MIT proposes building a Brazil-sized ‘space bubble’ to cool the planet

A team of MIT researchers is exploring a radical idea to reverse global warming: using massive ” space bubbles ” to reflect sunlight off our planet. Huge amounts of greenhouse gases emitted by humans since the Industrial Revolution are creating a kind of “blanket” around our planet, trapping heat in the atmosphere and causing global temperatures to get hotter. Instead of injecting particles into Earth’s atmosphere to cool the planet, an interdisciplinary team of MIT researchers proposes bringing solar geoengineering into space. The research team explored what would happen if a shield made of air bubbles was placed at the Lagrangian point L1, where the gravitational forces of the Earth and the sun form a balance that allows the shield to move indefinitely. stay on track indefinitely.
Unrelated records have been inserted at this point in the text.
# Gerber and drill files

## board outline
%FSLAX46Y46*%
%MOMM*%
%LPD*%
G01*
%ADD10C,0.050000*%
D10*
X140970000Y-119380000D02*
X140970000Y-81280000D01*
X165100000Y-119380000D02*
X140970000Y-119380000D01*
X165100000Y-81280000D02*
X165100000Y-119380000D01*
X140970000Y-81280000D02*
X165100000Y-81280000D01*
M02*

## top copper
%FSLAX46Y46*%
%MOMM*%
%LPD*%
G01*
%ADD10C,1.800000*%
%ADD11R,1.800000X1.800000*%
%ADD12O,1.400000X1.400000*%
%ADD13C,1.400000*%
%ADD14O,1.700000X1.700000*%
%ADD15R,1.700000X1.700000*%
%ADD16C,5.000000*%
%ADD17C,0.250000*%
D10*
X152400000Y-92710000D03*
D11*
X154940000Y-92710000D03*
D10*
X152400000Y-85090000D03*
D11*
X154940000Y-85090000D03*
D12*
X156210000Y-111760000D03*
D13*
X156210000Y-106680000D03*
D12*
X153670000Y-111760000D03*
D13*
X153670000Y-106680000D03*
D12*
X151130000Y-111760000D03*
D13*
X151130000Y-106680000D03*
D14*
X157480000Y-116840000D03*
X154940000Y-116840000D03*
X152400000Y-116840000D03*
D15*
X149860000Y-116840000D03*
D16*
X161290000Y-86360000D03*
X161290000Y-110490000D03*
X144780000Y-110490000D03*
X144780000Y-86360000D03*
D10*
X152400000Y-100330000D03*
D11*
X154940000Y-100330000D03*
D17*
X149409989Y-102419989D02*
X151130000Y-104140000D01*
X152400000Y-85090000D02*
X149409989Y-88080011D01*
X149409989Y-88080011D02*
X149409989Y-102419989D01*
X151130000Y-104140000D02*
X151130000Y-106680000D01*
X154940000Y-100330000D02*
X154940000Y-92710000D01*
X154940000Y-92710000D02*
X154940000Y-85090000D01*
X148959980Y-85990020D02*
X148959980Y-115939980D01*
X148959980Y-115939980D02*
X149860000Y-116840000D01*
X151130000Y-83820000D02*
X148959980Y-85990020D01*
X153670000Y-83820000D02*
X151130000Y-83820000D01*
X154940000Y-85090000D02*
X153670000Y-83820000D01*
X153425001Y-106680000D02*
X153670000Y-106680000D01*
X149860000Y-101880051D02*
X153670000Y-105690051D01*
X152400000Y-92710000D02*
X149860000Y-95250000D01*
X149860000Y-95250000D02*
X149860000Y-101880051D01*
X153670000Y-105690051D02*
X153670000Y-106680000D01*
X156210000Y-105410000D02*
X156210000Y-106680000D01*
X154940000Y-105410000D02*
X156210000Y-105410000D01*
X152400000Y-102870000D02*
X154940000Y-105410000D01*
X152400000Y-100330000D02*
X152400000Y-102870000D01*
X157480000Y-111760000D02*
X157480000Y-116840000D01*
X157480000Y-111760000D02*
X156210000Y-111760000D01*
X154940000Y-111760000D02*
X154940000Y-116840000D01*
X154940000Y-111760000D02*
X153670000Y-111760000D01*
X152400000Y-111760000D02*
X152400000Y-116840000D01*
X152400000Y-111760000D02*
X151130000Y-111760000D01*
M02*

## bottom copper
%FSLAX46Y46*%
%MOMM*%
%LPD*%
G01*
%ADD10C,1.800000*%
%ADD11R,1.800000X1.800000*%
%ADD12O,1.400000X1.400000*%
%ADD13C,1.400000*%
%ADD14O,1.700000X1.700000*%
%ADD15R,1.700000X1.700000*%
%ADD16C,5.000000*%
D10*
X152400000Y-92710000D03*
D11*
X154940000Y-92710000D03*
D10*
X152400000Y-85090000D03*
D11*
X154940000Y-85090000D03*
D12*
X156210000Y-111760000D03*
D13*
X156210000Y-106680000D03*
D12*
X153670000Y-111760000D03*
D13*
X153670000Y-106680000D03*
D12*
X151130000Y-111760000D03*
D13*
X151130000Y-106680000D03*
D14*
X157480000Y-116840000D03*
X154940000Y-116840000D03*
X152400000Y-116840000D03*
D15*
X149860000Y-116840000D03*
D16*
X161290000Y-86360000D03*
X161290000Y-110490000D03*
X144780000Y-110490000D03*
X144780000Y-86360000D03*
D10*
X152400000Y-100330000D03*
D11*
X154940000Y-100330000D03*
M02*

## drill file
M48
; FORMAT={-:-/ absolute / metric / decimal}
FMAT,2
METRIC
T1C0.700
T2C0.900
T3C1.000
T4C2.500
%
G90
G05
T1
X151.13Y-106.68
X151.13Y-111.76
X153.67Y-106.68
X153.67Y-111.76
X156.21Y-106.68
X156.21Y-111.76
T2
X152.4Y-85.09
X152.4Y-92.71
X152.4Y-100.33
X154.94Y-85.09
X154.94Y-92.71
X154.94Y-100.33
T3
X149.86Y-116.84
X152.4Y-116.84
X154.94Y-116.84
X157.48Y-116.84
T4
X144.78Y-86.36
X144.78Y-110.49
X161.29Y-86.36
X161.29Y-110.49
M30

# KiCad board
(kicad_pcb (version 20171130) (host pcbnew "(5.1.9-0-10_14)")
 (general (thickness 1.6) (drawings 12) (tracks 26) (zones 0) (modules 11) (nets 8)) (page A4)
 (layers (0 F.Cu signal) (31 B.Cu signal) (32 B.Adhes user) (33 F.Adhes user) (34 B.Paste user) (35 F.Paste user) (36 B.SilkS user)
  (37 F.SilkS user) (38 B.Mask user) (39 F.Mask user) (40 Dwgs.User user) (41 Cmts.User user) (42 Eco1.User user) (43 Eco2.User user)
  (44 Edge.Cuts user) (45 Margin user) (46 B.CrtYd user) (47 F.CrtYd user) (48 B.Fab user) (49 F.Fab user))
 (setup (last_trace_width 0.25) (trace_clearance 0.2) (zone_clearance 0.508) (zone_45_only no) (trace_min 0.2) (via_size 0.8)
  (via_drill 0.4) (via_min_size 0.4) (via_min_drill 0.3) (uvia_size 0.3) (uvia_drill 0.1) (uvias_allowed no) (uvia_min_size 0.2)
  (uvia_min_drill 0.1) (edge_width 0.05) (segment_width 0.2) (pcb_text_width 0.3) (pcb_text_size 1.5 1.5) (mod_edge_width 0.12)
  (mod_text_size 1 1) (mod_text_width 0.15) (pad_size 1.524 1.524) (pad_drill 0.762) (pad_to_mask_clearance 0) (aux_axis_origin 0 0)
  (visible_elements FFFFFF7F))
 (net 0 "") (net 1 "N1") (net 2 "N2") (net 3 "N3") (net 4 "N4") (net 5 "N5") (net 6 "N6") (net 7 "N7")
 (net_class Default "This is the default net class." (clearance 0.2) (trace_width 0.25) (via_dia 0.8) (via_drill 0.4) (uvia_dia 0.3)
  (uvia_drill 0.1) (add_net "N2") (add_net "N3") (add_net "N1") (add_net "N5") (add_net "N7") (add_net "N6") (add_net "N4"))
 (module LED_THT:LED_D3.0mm (layer F.Cu) (at 154.94 92.71 180)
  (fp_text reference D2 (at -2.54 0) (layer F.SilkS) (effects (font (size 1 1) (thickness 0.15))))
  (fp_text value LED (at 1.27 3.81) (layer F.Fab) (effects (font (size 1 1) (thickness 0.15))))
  (pad 2 thru_hole circle (at 2.54 0 180) (size 1.8 1.8) (drill 0.9) (layers *.Cu *.Mask) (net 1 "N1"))
  (pad 1 thru_hole rect (at 0 0 180) (size 1.8 1.8) (drill 0.9) (layers *.Cu *.Mask) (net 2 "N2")))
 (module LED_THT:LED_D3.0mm (layer F.Cu) (at 154.94 85.09 180)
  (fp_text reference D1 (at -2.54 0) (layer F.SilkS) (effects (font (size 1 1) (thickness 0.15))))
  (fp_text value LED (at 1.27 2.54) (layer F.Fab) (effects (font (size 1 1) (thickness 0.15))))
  (pad 2 thru_hole circle (at 2.54 0 180) (size 1.8 1.8) (drill 0.9) (layers *.Cu *.Mask) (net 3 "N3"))
  (pad 1 thru_hole rect (at 0 0 180) (size 1.8 1.8) (drill 0.9) (layers *.Cu *.Mask) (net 2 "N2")))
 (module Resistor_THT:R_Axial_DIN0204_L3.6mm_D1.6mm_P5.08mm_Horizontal (layer F.Cu) (at 156.21 106.68 270)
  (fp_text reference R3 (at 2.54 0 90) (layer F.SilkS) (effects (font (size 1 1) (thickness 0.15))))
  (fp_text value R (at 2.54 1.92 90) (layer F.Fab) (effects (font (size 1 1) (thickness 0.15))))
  (pad 2 thru_hole oval (at 5.08 0 270) (size 1.4 1.4) (drill 0.7) (layers *.Cu *.Mask) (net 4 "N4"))
  (pad 1 thru_hole circle (at 0 0 270) (size 1.4 1.4) (drill 0.7) (layers *.Cu *.Mask) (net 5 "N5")))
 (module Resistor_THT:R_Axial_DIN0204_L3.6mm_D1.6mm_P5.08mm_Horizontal (layer F.Cu) (at 153.67 106.68 270)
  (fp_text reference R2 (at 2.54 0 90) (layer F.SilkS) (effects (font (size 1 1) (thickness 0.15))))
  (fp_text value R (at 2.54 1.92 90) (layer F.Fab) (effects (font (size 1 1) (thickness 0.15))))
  (pad 2 thru_hole oval (at 5.08 0 270) (size 1.4 1.4) (drill 0.7) (layers *.Cu *.Mask) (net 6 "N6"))
  (pad 1 thru_hole circle (at 0 0 270) (size 1.4 1.4) (drill 0.7) (layers *.Cu *.Mask) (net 1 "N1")))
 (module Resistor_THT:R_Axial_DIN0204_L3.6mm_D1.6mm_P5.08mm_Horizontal (layer F.Cu) (at 151.13 106.68 270)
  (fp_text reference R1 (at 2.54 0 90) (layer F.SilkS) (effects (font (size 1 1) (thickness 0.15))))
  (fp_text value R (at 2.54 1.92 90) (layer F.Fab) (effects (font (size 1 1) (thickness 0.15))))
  (pad 2 thru_hole oval (at 5.08 0 270) (size 1.4 1.4) (drill 0.7) (layers *.Cu *.Mask) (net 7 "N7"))
  (pad 1 thru_hole circle (at 0 0 270) (size 1.4 1.4) (drill 0.7) (layers *.Cu *.Mask) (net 3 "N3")))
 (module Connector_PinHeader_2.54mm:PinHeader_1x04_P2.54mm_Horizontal (layer B.Cu) (at 149.86 116.84 270)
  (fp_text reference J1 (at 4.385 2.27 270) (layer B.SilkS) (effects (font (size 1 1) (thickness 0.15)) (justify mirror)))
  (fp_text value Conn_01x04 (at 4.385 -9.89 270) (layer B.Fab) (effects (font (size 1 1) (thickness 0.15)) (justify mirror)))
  (pad 4 thru_hole oval (at 0 -7.62 270) (size 1.7 1.7) (drill 1) (layers *.Cu *.Mask) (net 4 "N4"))
  (pad 3 thru_hole oval (at 0 -5.08 270) (size 1.7 1.7) (drill 1) (layers *.Cu *.Mask) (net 6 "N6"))
  (pad 2 thru_hole oval (at 0 -2.54 270) (size 1.7 1.7) (drill 1) (layers *.Cu *.Mask) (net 7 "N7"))
  (pad 1 thru_hole rect (at 0 0 270) (size 1.7 1.7) (drill 1) (layers *.Cu *.Mask) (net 2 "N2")))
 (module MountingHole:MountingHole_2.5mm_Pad (layer F.Cu) (at 161.29 86.36)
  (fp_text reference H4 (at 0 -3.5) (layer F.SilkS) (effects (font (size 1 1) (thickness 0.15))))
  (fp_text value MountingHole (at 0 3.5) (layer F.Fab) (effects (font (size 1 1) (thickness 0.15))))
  (pad 1 thru_hole circle (at 0 0) (size 5 5) (drill 2.5) (layers *.Cu *.Mask)))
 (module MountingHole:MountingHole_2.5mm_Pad (layer F.Cu) (at 161.29 110.49)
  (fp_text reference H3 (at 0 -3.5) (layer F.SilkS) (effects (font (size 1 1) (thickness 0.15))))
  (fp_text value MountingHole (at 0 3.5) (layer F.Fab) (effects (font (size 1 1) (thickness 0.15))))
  (pad 1 thru_hole circle (at 0 0) (size 5 5) (drill 2.5) (layers *.Cu *.Mask)))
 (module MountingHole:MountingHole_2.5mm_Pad (layer F.Cu) (at 144.78 110.49)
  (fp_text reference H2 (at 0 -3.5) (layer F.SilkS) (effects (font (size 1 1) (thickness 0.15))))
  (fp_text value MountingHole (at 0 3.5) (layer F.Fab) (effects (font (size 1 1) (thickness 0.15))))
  (pad 1 thru_hole circle (at 0 0) (size 5 5) (drill 2.5) (layers *.Cu *.Mask)))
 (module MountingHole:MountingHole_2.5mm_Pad (layer F.Cu) (at 144.78 86.36)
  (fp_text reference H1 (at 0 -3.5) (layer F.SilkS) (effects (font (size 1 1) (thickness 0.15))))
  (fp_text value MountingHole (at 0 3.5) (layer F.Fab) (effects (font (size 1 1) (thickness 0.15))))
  (pad 1 thru_hole circle (at 0 0) (size 5 5) (drill 2.5) (layers *.Cu *.Mask)))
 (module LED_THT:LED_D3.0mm (layer F.Cu) (at 154.94 100.33 180)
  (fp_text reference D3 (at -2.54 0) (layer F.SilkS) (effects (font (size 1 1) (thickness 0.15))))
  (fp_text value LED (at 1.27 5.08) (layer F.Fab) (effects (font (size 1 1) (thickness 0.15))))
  (pad 2 thru_hole circle (at 2.54 0 180) (size 1.8 1.8) (drill 0.9) (layers *.Cu *.Mask) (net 5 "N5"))
  (pad 1 thru_hole rect (at 0 0 180) (size 1.8 1.8) (drill 0.9) (layers *.Cu *.Mask) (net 2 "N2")))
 (gr_line (start 140.97 119.38) (end 140.97 81.28) (layer Edge.Cuts) (width 0.05))
 (gr_line (start 165.1 119.38) (end 140.97 119.38) (layer Edge.Cuts) (width 0.05))
 (gr_line (start 165.1 81.28) (end 165.1 119.38) (layer Edge.Cuts) (width 0.05))
 (gr_line (start 140.97 81.28) (end 165.1 81.28) (layer Edge.Cuts) (width 0.05))
 (segment (start 149.409989 102.419989) (end 151.13 104.14) (width 0.25) (layer F.Cu) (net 3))
 (segment (start 152.4 85.09) (end 149.409989 88.080011) (width 0.25) (layer F.Cu) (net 3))
 (segment (start 149.409989 88.080011) (end 149.409989 102.419989) (width 0.25) (layer F.Cu) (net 3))
 (segment (start 151.13 104.14) (end 151.13 106.68) (width 0.25) (layer F.Cu) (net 3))
 (segment (start 154.94 100.33) (end 154.94 92.71) (width 0.25) (layer F.Cu) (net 2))
 (segment (start 154.94 92.71) (end 154.94 85.09) (width 0.25) (layer F.Cu) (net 2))
 (segment (start 148.95998 85.99002) (end 148.95998 115.93998) (width 0.25) (layer F.Cu) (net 2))
 (segment (start 148.95998 115.93998) (end 149.86 116.84) (width 0.25) (layer F.Cu) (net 2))
 (segment (start 151.13 83.82) (end 148.95998 85.99002) (width 0.25) (layer F.Cu) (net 2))
 (segment (start 153.67 83.82) (end 151.13 83.82) (width 0.25) (layer F.Cu) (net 2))
 (segment (start 154.94 85.09) (end 153.67 83.82) (width 0.25) (layer F.Cu) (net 2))
 (segment (start 153.425001 106.68) (end 153.67 106.68) (width 0.25) (layer F.Cu) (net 1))
 (segment (start 149.86 101.880051) (end 153.67 105.690051) (width 0.25) (layer F.Cu) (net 1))
 (segment (start 152.4 92.71) (end 149.86 95.25) (width 0.25) (layer F.Cu) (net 1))
 (segment (start 149.86 95.25) (end 149.86 101.880051) (width 0.25) (layer F.Cu) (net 1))
 (segment (start 153.67 105.690051) (end 153.67 106.68) (width 0.25) (layer F.Cu) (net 1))
 (segment (start 156.21 105.41) (end 156.21 106.68) (width 0.25) (layer F.Cu) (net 5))
 (segment (start 154.94 105.41) (end 156.21 105.41) (width 0.25) (layer F.Cu) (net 5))
 (segment (start 152.4 102.87) (end 154.94 105.41) (width 0.25) (layer F.Cu) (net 5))
 (segment (start 152.4 100.33) (end 152.4 102.87) (width 0.25) (layer F.Cu) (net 5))
 (segment (start 157.48 111.76) (end 157.48 116.84) (width 0.25) (layer F.Cu) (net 4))
 (segment (start 157.48 111.76) (end 156.21 111.76) (width 0.25) (layer F.Cu) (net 4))
 (segment (start 154.94 111.76) (end 154.94 116.84) (width 0.25) (layer F.Cu) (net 6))
 (segment (start 154.94 111.76) (end 153.67 111.76) (width 0.25) (layer F.Cu) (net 6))
 (segment (start 152.4 111.76) (end 152.4 116.84) (width 0.25) (layer F.Cu) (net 7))
 (segment (start 152.4 111.76) (end 151.13 111.76) (width 0.25) (layer F.Cu) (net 7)))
The proposed shield is about the size of Brazil, and the bubbles of the shield could be fabricated and deployed in space, possibly out of silicon — the team has tried creating “space bubbles” in the lab. “Preliminary experiments succeeded in expanding the thin-film bubble at a pressure of 0.0028 atm and maintaining it at around -50°C (near-zero pressure and near-zero temperature space conditions),” they said in a news release. Because these The bubble is almost a million miles away, and the MIT team says this solar-geoengineering approach won’t be as risky as the one inside Earth’s atmosphere. This isn’t the first time someone has proposed putting a solar shield in space to help cool the planet, but making a shield out of bubbles would give us a relatively easy way to abort the mission if something goes wrong: Just pop the bubble.